O trajeto que o levou a presidente do STJ começou no início dos anos noventa. Primeiro conquistou o sindicato dos juízes, depois o Conselho Superior da Magistratura e, finalmente, o STJ. Noronha Nascimento é daquelas pessoas que não olha a meios para atingir os fins. Os seus princípios estão orientados para os seus fins. Ideologicamente, é um estalinista puro, ou seja um indivíduo que é capaz de fazer alianças com o próprio diabo, se isso for útil ao que pretende. De uma ambição sem limites, instrumentalizou o sindicato dos juízes e o próprio CSM. Muitos acusam-no de, a partir do CSM, ter controlado o acesso ao STJ e, assim, ter formado, com amigos seus, o colégio eleitoral que haveria de o eleger presidente desse tribunal. O caso chegou a ser denunciado, mas sem quaisquer consequências.

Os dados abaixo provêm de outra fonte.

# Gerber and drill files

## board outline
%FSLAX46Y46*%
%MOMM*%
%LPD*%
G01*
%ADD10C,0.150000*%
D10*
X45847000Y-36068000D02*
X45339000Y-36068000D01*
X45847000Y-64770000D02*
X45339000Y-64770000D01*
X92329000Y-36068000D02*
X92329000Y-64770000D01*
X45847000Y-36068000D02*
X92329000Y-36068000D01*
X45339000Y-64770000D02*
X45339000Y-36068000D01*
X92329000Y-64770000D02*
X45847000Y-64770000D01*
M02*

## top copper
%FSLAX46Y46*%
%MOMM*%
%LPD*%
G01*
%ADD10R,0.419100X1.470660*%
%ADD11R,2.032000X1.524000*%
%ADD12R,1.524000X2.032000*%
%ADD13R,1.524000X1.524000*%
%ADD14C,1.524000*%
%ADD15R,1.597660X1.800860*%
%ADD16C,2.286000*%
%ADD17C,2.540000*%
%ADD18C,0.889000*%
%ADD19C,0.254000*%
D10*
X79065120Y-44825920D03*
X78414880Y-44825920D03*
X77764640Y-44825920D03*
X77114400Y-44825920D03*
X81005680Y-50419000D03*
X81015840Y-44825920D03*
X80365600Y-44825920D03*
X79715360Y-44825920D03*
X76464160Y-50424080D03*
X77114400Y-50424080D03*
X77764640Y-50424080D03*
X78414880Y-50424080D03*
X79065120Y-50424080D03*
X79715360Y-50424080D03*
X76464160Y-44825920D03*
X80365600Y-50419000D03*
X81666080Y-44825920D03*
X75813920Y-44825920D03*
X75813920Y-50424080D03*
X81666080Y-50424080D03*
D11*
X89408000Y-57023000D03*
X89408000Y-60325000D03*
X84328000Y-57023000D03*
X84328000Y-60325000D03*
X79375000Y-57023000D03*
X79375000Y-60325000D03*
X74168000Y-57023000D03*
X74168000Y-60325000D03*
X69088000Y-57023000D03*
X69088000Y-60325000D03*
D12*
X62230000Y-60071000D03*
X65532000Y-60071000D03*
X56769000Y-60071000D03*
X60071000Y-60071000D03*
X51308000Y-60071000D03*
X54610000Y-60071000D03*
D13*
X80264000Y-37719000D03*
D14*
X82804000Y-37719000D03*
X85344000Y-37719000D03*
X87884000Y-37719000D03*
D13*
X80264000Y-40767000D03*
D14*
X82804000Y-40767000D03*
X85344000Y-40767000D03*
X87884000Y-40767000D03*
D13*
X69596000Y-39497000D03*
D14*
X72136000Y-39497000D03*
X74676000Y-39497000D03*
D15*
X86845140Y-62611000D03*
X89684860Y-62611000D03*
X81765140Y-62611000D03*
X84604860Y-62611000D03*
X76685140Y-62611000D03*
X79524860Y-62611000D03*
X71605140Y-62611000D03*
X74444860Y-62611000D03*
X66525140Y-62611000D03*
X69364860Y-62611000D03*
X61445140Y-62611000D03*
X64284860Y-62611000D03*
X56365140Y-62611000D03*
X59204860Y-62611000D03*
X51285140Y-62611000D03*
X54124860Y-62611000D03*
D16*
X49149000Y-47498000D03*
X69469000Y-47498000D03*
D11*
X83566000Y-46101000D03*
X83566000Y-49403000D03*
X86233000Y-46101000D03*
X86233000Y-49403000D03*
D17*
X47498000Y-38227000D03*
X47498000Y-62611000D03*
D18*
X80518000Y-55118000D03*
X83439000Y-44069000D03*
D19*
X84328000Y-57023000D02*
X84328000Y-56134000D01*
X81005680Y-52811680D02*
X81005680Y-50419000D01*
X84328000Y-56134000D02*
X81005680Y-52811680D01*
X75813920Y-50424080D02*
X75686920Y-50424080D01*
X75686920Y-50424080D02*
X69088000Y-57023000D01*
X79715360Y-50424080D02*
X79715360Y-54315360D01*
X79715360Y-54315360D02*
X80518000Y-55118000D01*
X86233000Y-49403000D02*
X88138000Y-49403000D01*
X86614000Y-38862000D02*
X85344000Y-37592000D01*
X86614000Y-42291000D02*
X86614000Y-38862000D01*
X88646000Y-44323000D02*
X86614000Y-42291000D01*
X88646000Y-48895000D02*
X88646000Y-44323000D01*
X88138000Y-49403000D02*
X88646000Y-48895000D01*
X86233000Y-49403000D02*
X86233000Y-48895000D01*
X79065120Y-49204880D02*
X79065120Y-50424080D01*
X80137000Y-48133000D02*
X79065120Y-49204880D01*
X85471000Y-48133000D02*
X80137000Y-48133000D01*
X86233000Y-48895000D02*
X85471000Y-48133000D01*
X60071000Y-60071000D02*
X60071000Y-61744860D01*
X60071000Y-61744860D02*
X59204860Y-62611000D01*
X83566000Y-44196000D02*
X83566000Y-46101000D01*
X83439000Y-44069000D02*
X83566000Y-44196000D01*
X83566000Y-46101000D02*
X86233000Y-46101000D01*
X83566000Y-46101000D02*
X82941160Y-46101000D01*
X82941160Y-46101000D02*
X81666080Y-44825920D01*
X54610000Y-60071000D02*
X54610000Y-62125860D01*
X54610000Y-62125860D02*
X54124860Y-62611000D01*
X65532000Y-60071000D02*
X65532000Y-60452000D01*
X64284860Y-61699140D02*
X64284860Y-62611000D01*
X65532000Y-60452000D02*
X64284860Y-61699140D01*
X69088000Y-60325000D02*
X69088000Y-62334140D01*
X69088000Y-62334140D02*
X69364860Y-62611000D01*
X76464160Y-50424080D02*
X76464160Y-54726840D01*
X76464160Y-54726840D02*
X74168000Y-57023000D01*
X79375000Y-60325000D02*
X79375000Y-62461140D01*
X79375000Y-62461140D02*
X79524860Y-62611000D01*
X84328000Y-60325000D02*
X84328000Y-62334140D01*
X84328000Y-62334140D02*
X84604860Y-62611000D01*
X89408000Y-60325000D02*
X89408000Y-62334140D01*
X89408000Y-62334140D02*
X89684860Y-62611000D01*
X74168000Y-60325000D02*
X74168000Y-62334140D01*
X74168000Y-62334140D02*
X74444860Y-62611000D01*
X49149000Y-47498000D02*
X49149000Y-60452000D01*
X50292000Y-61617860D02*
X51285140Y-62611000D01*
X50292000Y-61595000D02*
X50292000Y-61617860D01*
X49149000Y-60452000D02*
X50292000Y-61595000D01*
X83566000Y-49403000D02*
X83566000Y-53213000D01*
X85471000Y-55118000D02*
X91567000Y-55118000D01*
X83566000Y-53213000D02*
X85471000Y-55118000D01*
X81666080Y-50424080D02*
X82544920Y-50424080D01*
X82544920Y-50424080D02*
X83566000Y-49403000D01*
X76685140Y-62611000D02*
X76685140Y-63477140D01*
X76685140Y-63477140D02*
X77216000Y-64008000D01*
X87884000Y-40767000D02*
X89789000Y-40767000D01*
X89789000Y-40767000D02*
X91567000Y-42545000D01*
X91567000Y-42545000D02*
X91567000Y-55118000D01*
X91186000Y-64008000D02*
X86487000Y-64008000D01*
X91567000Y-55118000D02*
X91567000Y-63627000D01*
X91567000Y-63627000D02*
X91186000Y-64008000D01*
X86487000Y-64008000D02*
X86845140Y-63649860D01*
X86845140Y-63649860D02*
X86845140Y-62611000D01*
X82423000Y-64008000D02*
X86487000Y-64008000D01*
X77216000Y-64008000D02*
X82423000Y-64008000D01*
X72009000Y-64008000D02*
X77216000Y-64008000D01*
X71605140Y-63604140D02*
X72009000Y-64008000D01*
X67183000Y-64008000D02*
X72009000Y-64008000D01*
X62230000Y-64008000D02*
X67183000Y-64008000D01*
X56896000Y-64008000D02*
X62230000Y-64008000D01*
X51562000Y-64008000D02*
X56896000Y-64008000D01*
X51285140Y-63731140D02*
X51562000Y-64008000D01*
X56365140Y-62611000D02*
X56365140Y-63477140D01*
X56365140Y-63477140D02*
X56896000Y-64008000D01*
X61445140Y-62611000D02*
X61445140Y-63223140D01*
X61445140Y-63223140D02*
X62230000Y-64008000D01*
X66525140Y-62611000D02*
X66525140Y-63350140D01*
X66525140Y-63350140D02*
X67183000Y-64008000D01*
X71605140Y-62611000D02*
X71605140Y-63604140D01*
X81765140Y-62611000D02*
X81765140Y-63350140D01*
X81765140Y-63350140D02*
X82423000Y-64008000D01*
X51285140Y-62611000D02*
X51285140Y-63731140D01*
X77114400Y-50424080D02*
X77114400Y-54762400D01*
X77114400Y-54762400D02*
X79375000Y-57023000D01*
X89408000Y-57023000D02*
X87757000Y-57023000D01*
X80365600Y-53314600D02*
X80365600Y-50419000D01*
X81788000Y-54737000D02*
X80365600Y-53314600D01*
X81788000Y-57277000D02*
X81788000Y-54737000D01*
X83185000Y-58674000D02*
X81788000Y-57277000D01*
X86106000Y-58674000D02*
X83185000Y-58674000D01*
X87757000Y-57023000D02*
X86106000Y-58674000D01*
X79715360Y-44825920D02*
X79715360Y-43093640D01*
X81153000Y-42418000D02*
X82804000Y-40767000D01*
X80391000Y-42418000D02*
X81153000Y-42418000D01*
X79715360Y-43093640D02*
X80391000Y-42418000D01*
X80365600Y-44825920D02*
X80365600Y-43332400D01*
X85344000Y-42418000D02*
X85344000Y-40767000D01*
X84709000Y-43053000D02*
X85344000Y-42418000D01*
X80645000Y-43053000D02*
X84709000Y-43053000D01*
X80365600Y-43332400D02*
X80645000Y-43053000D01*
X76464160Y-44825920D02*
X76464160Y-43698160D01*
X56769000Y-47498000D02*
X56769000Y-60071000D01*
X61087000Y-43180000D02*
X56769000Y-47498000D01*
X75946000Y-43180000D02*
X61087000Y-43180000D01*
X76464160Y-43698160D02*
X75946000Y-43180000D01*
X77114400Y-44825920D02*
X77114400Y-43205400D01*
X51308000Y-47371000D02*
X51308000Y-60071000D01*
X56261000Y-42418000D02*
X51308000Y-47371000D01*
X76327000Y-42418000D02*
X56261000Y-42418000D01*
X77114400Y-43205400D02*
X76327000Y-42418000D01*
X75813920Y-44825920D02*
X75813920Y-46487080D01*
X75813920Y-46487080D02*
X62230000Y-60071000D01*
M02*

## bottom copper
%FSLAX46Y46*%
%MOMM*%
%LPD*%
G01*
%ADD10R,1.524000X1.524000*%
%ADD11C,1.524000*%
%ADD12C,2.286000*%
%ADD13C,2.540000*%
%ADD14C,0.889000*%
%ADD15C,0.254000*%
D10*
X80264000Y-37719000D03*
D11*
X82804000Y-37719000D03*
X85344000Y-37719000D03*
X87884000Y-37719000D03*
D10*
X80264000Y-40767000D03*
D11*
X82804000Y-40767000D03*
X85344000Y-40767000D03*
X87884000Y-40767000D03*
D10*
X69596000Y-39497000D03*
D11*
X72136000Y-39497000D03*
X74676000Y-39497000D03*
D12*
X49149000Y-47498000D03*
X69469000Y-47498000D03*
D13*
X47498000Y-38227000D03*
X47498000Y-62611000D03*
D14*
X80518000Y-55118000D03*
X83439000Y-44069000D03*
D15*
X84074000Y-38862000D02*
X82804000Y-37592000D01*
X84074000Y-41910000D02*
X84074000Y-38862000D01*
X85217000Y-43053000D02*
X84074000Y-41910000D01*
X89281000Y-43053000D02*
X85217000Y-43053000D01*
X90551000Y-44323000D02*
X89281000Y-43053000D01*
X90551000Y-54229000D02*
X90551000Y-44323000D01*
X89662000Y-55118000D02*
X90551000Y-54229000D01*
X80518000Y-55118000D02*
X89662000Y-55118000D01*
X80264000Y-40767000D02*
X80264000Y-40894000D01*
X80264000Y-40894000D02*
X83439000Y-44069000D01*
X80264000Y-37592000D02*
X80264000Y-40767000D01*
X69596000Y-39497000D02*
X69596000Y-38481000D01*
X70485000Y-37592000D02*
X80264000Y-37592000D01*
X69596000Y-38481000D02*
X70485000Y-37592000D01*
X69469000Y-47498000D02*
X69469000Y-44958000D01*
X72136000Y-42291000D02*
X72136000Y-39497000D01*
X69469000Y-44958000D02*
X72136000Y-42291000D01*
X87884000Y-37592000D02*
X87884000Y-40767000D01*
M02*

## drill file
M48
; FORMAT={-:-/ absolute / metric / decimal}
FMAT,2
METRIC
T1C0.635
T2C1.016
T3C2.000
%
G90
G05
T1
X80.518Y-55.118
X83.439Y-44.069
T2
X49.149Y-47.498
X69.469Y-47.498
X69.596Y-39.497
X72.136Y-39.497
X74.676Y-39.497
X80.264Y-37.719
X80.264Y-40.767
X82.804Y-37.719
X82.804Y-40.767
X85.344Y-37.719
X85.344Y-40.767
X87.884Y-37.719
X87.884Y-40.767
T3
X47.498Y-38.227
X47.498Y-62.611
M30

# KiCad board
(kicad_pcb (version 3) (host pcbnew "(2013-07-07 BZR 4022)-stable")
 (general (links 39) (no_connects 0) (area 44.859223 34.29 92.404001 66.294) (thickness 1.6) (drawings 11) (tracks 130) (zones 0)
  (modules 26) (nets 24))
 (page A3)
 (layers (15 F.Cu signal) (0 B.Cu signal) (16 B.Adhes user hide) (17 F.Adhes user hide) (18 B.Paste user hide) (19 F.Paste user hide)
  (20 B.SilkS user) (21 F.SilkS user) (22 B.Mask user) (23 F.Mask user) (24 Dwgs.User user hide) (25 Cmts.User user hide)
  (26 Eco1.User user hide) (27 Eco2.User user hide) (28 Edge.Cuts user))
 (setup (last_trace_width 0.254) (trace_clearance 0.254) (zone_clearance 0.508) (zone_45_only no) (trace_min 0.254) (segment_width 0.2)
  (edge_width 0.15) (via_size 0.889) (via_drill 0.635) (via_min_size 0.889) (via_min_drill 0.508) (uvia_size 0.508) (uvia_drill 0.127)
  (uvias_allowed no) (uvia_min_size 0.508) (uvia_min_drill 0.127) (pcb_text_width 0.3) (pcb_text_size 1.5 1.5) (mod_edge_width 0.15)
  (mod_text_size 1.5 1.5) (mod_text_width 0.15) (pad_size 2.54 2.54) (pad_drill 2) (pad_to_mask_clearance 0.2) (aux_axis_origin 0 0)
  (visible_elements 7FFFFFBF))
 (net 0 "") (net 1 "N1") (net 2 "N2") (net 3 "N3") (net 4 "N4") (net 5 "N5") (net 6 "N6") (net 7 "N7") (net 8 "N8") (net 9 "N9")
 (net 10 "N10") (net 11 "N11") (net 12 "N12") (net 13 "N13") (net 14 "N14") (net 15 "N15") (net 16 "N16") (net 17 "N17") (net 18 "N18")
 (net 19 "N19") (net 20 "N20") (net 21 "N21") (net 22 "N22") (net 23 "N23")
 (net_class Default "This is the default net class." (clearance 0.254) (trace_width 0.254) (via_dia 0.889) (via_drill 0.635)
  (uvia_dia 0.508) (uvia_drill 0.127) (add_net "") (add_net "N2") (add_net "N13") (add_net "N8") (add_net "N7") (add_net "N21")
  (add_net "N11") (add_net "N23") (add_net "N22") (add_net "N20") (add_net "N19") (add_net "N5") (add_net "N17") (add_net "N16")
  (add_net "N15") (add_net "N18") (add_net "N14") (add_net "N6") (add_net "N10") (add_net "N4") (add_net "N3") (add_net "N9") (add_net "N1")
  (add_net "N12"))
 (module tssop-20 (layer F.Cu) (at 78.74 47.625 180)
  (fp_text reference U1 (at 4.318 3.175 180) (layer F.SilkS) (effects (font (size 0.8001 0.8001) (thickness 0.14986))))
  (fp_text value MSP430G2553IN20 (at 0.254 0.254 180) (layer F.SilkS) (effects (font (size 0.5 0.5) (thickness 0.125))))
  (pad 5 smd rect (at -0.32512 2.79908 180) (size 0.4191 1.47066) (layers F.Cu F.Paste F.Mask))
  (pad 6 smd rect (at 0.32512 2.79908 180) (size 0.4191 1.47066) (layers F.Cu F.Paste F.Mask))
  (pad 7 smd rect (at 0.97536 2.79908 180) (size 0.4191 1.47066) (layers F.Cu F.Paste F.Mask))
  (pad 8 smd rect (at 1.6256 2.79908 180) (size 0.4191 1.47066) (layers F.Cu F.Paste F.Mask) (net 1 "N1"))
  (pad 19 smd rect (at -2.26568 -2.794 180) (size 0.4191 1.47066) (layers F.Cu F.Paste F.Mask) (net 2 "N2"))
  (pad 2 smd rect (at -2.27584 2.79908 180) (size 0.4191 1.47066) (layers F.Cu F.Paste F.Mask))
  (pad 3 smd rect (at -1.6256 2.79908 180) (size 0.4191 1.47066) (layers F.Cu F.Paste F.Mask) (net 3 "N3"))
  (pad 4 smd rect (at -0.97536 2.79908 180) (size 0.4191 1.47066) (layers F.Cu F.Paste F.Mask) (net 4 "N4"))
  (pad 12 smd rect (at 2.27584 -2.79908 180) (size 0.4191 1.47066) (layers F.Cu F.Paste F.Mask) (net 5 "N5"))
  (pad 13 smd rect (at 1.6256 -2.79908 180) (size 0.4191 1.47066) (layers F.Cu F.Paste F.Mask) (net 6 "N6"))
  (pad 14 smd rect (at 0.97536 -2.79908 180) (size 0.4191 1.47066) (layers F.Cu F.Paste F.Mask))
  (pad 15 smd rect (at 0.32512 -2.79908 180) (size 0.4191 1.47066) (layers F.Cu F.Paste F.Mask))
  (pad 16 smd rect (at -0.32512 -2.79908 180) (size 0.4191 1.47066) (layers F.Cu F.Paste F.Mask) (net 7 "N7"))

Todos se calaram, ou melhor todos comentavam em privado, mas publicamente agiam como se nada estivesse a acontecer, mostrando, assim, o que é, desde há muitos anos, o principal (des)«valor» da nossa República Democrática: a cobardia. A sua ilimitada vaidade levou-o a contratar, mal chegou a presidente do STJ, uma agência de comunicação e a alterar o site do tribunal para aparecer, logo na abertura, em lugar de destaque, a sua fotografia em pose provinciana de estadista. Enquanto todos os outros tribunais mostravam aquilo que se procura no site de um tribunal, o do STJ exibia a figura mefistofélica do seu presidente ladeado de bandeiras. Foi a decisão de mandar destruir as escutas de José Sócrates no processo «Face Oculta» que levantou dúvidas sobre a sua imparcialidade como juiz, já que o suspeito era nem mais nem menos o primeiro-ministro e líder da maioria política que aprovara, contra toda a nossa tradição judicial, algumas medidas tão queridas pelos conselheiros do STJ, nomeadamente a célebre «dupla conforme», ou seja, a impossibilidade de se recorrer para o STJ da decisão do tribunal da relação que confirme a decisão de primeira instância.
Por outro lado, o filho de Noronha Nascimento conseguiu, durante o tempo em que o pai foi presidente do STJ, arranjar um emprego num organismo do Estado que dependia directamente de José Sócrates. Pode ser apenas coincidência, pode tudo ter corrido dentro da mais estrita legalidade e normalidade, mas, até por isso, Noronha Nascimento deveria ter-se recusado a apreciar o caso das escutas de José Sócrates e, sobretudo, não deveria andar a fazer insistentes declarações públicas sobre a irrelevância criminal de conversas telefónicas cujo conteúdo as pessoas ignoram. É que a um juiz não basta ser honesto, é preciso parecê-lo».